Your objective -> Each line in the records below, from the one that contains "X151384000Y-36348000D02*" to the one that contains "X147665868Y-37265000D02*", should be reproduced exactly, the first and last included.

Information shown ->
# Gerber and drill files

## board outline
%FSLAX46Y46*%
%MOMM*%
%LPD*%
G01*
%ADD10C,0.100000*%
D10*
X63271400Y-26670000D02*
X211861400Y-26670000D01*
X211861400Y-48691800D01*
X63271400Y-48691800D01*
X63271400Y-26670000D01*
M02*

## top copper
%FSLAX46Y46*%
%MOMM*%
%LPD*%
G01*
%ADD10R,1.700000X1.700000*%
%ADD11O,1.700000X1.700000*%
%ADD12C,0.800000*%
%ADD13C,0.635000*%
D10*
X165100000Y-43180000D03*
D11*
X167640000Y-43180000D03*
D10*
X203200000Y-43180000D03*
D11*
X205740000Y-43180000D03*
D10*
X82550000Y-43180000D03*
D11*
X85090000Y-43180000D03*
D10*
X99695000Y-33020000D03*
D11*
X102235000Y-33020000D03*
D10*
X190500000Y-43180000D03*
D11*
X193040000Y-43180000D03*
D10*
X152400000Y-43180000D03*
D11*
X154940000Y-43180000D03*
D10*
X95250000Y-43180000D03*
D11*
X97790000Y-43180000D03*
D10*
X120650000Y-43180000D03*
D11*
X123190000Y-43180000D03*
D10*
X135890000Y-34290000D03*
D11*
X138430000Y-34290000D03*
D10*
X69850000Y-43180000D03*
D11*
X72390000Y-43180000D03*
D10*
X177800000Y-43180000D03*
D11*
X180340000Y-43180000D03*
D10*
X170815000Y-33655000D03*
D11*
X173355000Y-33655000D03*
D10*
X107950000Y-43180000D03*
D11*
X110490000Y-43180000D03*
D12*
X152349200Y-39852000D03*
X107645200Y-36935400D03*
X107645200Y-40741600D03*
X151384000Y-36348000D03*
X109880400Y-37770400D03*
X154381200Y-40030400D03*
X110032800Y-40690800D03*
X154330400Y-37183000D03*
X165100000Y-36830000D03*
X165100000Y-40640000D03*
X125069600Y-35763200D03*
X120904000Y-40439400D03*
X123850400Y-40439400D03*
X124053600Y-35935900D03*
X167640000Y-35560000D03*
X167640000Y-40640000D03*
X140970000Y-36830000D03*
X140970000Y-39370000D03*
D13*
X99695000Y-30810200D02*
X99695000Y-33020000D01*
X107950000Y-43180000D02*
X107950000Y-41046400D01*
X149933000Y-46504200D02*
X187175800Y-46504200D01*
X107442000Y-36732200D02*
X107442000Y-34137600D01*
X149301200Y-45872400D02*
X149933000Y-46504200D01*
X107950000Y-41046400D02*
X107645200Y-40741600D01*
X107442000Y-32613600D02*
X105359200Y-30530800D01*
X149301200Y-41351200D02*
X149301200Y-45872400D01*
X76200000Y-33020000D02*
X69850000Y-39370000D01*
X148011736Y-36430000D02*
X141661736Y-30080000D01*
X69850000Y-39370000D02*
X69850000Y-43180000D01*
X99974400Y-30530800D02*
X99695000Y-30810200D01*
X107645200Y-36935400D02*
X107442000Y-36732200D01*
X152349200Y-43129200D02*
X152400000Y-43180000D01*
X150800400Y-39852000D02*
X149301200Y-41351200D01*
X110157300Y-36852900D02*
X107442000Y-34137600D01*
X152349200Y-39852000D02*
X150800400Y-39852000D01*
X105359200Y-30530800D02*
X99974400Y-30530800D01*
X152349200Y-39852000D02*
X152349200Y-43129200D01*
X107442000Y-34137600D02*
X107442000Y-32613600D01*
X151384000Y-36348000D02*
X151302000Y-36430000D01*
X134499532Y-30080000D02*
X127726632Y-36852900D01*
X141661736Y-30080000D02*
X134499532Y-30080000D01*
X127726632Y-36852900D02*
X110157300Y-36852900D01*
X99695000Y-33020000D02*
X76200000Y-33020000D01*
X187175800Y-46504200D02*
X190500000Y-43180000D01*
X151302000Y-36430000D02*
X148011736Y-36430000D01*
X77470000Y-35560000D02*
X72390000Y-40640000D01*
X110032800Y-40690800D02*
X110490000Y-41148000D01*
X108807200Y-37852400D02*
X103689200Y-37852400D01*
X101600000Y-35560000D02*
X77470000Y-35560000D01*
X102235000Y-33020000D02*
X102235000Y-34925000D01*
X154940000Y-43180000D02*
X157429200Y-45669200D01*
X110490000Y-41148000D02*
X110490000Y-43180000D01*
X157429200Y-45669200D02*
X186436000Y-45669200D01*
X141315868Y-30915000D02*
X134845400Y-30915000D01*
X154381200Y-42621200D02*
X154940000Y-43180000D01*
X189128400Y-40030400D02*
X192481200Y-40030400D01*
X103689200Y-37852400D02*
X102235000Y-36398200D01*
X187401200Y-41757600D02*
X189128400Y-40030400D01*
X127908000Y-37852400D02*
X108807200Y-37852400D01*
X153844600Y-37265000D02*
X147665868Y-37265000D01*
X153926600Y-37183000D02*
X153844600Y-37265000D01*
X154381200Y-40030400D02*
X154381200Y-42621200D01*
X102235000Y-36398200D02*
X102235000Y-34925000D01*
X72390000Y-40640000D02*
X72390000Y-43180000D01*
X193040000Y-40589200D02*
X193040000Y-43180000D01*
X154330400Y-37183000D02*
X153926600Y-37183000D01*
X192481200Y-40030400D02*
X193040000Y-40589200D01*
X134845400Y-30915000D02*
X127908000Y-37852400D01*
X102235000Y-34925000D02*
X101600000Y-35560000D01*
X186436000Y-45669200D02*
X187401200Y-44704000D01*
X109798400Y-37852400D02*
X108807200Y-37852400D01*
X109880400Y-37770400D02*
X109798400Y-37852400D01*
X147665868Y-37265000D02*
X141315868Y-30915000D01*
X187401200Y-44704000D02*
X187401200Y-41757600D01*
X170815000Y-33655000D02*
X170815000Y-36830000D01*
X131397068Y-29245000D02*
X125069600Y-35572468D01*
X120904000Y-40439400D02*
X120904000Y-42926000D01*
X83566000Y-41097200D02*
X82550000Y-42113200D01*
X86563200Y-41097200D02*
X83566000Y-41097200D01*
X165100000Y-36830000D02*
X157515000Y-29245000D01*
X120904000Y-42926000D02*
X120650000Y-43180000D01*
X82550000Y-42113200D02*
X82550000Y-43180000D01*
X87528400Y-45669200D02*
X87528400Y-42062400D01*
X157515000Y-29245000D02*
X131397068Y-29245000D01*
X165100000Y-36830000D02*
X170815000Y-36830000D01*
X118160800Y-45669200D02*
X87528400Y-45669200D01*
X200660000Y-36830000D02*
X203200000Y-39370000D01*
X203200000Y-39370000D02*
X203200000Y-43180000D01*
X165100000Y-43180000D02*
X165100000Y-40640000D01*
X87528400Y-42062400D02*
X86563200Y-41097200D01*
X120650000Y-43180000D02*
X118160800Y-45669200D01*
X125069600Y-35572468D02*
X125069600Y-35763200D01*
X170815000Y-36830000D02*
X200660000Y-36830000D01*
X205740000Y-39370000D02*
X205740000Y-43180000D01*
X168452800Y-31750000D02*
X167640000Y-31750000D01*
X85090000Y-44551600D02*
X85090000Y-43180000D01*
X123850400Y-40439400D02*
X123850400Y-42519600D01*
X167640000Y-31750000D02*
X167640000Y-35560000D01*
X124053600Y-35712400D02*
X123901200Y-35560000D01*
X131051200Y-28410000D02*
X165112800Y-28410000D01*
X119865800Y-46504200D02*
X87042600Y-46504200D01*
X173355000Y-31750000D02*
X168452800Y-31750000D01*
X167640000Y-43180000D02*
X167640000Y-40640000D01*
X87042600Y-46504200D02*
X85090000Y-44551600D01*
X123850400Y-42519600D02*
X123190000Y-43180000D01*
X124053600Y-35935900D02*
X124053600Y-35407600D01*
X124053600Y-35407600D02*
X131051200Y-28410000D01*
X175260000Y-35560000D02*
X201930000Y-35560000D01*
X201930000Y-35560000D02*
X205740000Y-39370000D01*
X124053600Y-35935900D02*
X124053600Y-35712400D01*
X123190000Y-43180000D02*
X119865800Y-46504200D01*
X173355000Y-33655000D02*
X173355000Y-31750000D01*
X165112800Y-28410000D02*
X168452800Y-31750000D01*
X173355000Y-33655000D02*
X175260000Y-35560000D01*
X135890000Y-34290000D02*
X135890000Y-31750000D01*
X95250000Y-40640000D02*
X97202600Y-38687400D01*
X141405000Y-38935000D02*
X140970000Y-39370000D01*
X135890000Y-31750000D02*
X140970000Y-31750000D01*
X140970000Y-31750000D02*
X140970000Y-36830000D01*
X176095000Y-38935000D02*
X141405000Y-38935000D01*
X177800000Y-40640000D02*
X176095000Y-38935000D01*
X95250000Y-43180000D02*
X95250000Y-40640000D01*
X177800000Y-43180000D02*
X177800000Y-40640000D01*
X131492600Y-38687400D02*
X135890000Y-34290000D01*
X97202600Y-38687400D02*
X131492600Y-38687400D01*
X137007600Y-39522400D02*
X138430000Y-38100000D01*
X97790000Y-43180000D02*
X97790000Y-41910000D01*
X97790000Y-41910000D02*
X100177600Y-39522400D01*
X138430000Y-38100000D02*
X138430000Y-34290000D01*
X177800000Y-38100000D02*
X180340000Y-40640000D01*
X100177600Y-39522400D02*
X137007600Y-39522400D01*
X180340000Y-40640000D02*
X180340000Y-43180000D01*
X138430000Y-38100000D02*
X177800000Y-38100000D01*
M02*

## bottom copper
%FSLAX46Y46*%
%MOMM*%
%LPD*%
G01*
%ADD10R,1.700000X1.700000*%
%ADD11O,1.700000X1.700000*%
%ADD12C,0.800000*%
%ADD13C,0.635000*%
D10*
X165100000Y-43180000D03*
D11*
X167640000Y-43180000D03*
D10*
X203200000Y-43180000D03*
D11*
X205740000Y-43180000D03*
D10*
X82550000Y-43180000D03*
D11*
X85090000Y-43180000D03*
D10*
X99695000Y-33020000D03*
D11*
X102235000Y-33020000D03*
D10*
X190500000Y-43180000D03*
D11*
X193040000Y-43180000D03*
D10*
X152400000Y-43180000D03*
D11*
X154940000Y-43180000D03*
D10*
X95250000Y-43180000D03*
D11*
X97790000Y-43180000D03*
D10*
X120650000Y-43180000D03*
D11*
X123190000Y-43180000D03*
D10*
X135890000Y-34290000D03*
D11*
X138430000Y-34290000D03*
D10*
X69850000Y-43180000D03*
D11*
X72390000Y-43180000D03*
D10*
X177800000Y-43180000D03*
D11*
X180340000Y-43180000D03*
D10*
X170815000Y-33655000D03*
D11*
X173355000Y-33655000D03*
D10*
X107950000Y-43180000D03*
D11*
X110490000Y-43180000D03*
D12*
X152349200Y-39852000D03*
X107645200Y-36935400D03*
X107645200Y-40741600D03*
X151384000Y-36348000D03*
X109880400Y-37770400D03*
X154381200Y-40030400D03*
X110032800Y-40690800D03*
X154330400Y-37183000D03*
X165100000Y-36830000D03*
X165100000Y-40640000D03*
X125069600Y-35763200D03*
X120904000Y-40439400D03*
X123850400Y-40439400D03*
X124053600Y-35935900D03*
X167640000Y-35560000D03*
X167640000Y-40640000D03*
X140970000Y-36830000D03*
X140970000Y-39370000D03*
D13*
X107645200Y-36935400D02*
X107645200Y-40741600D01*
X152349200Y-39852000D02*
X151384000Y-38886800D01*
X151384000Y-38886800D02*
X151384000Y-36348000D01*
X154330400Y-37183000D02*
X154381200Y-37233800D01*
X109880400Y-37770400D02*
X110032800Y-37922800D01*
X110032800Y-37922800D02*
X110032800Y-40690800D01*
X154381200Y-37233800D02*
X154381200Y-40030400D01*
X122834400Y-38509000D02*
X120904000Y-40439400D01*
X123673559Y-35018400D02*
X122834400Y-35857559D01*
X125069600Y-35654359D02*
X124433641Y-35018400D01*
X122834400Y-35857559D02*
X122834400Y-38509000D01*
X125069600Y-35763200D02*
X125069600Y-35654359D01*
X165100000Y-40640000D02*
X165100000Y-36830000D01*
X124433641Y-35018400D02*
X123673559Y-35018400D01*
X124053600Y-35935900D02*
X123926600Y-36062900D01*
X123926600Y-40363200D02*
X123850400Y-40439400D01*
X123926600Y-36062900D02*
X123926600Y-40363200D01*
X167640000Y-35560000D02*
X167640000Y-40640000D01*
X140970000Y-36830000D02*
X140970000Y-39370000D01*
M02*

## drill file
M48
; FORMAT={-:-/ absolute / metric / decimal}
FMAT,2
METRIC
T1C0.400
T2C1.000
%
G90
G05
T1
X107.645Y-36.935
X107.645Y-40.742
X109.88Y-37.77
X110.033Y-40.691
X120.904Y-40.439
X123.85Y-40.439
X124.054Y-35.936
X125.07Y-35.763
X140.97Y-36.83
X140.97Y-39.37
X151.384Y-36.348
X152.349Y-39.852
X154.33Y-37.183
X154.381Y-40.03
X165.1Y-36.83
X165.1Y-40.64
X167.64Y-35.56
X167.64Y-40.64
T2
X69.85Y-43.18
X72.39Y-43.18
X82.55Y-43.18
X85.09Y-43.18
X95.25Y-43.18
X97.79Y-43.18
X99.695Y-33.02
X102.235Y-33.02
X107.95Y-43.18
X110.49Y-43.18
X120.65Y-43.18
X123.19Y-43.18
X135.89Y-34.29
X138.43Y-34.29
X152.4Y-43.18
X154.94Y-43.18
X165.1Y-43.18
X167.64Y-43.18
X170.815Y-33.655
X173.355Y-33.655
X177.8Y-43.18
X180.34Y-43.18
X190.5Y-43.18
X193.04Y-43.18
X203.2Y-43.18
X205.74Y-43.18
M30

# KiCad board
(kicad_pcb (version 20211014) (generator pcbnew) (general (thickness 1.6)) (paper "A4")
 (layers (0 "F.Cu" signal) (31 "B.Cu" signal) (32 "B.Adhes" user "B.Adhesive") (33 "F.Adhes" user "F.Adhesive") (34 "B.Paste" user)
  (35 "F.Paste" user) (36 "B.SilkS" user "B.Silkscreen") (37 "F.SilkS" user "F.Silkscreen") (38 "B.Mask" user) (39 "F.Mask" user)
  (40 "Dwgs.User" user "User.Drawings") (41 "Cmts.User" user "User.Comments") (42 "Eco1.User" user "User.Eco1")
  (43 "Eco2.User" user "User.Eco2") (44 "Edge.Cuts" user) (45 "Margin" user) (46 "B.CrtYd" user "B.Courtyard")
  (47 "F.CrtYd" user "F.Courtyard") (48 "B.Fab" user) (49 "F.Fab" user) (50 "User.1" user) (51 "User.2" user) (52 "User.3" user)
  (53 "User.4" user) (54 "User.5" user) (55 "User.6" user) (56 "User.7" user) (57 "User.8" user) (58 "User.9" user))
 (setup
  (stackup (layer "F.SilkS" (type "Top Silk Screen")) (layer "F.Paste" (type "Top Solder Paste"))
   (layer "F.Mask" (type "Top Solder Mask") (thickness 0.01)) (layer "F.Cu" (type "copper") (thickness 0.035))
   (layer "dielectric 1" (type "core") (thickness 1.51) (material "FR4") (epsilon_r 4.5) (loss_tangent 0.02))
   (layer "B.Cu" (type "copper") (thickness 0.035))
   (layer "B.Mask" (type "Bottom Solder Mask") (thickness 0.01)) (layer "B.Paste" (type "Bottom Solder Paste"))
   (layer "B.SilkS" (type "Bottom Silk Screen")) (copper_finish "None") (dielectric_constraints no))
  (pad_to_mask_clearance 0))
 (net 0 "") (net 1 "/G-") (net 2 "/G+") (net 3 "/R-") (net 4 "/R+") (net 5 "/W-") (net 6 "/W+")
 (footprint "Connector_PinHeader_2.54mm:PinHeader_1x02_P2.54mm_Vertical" (layer "F.Cu") (at 165.1 43.18 90)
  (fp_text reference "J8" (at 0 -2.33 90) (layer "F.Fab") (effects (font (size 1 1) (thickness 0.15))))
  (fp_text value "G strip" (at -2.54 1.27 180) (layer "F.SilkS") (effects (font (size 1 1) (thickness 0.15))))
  (pad "1" thru_hole rect (at 0 0 90) (size 1.7 1.7) (drill 1) (layers *.Cu *.Mask) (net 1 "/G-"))
  (pad "2" thru_hole oval (at 0 2.54 90) (size 1.7 1.7) (drill 1) (layers *.Cu *.Mask) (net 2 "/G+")))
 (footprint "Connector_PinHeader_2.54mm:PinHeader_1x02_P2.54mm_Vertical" (layer "F.Cu") (at 203.2 43.18 90)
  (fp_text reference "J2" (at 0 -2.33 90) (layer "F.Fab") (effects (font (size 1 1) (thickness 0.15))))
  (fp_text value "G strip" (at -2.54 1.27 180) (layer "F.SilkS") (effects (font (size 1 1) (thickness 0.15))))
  (pad "1" thru_hole rect (at 0 0 90) (size 1.7 1.7) (drill 1) (layers *.Cu *.Mask) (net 1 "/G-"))
  (pad "2" thru_hole oval (at 0 2.54 90) (size 1.7 1.7) (drill 1) (layers *.Cu *.Mask) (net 2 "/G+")))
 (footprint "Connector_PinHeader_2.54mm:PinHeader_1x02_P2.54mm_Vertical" (layer "F.Cu") (at 82.55 43.18 90)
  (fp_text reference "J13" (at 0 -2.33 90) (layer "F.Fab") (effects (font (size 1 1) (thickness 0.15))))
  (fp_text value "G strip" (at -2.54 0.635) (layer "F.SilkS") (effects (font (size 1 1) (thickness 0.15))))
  (pad "1" thru_hole rect (at 0 0 90) (size 1.7 1.7) (drill 1) (layers *.Cu *.Mask) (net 1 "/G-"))
  (pad "2" thru_hole oval (at 0 2.54 90) (size 1.7 1.7) (drill 1) (layers *.Cu *.Mask) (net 2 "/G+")))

Answer to this exercise ->
X151384000Y-36348000D02*
X151302000Y-36430000D01*
X134499532Y-30080000D02*
X127726632Y-36852900D01*
X141661736Y-30080000D02*
X134499532Y-30080000D01*
X127726632Y-36852900D02*
X110157300Y-36852900D01*
X99695000Y-33020000D02*
X76200000Y-33020000D01*
X187175800Y-46504200D02*
X190500000Y-43180000D01*
X151302000Y-36430000D02*
X148011736Y-36430000D01*
X77470000Y-35560000D02*
X72390000Y-40640000D01*
X110032800Y-40690800D02*
X110490000Y-41148000D01*
X108807200Y-37852400D02*
X103689200Y-37852400D01*
X101600000Y-35560000D02*
X77470000Y-35560000D01*
X102235000Y-33020000D02*
X102235000Y-34925000D01*
X154940000Y-43180000D02*
X157429200Y-45669200D01*
X110490000Y-41148000D02*
X110490000Y-43180000D01*
X157429200Y-45669200D02*
X186436000Y-45669200D01*
X141315868Y-30915000D02*
X134845400Y-30915000D01*
X154381200Y-42621200D02*
X154940000Y-43180000D01*
X189128400Y-40030400D02*
X192481200Y-40030400D01*
X103689200Y-37852400D02*
X102235000Y-36398200D01*
X187401200Y-41757600D02*
X189128400Y-40030400D01*
X127908000Y-37852400D02*
X108807200Y-37852400D01*
X153844600Y-37265000D02*
X147665868Y-37265000D01*
X153926600Y-37183000D02*
X153844600Y-37265000D01*
X154381200Y-40030400D02*
X154381200Y-42621200D01*
X102235000Y-36398200D02*
X102235000Y-34925000D01*
X72390000Y-40640000D02*
X72390000Y-43180000D01*
X193040000Y-40589200D02*
X193040000Y-43180000D01*
X154330400Y-37183000D02*
X153926600Y-37183000D01*
X192481200Y-40030400D02*
X193040000Y-40589200D01*
X134845400Y-30915000D02*
X127908000Y-37852400D01*
X102235000Y-34925000D02*
X101600000Y-35560000D01*
X186436000Y-45669200D02*
X187401200Y-44704000D01*
X109798400Y-37852400D02*
X108807200Y-37852400D01*
X109880400Y-37770400D02*
X109798400Y-37852400D01*
X147665868Y-37265000D02*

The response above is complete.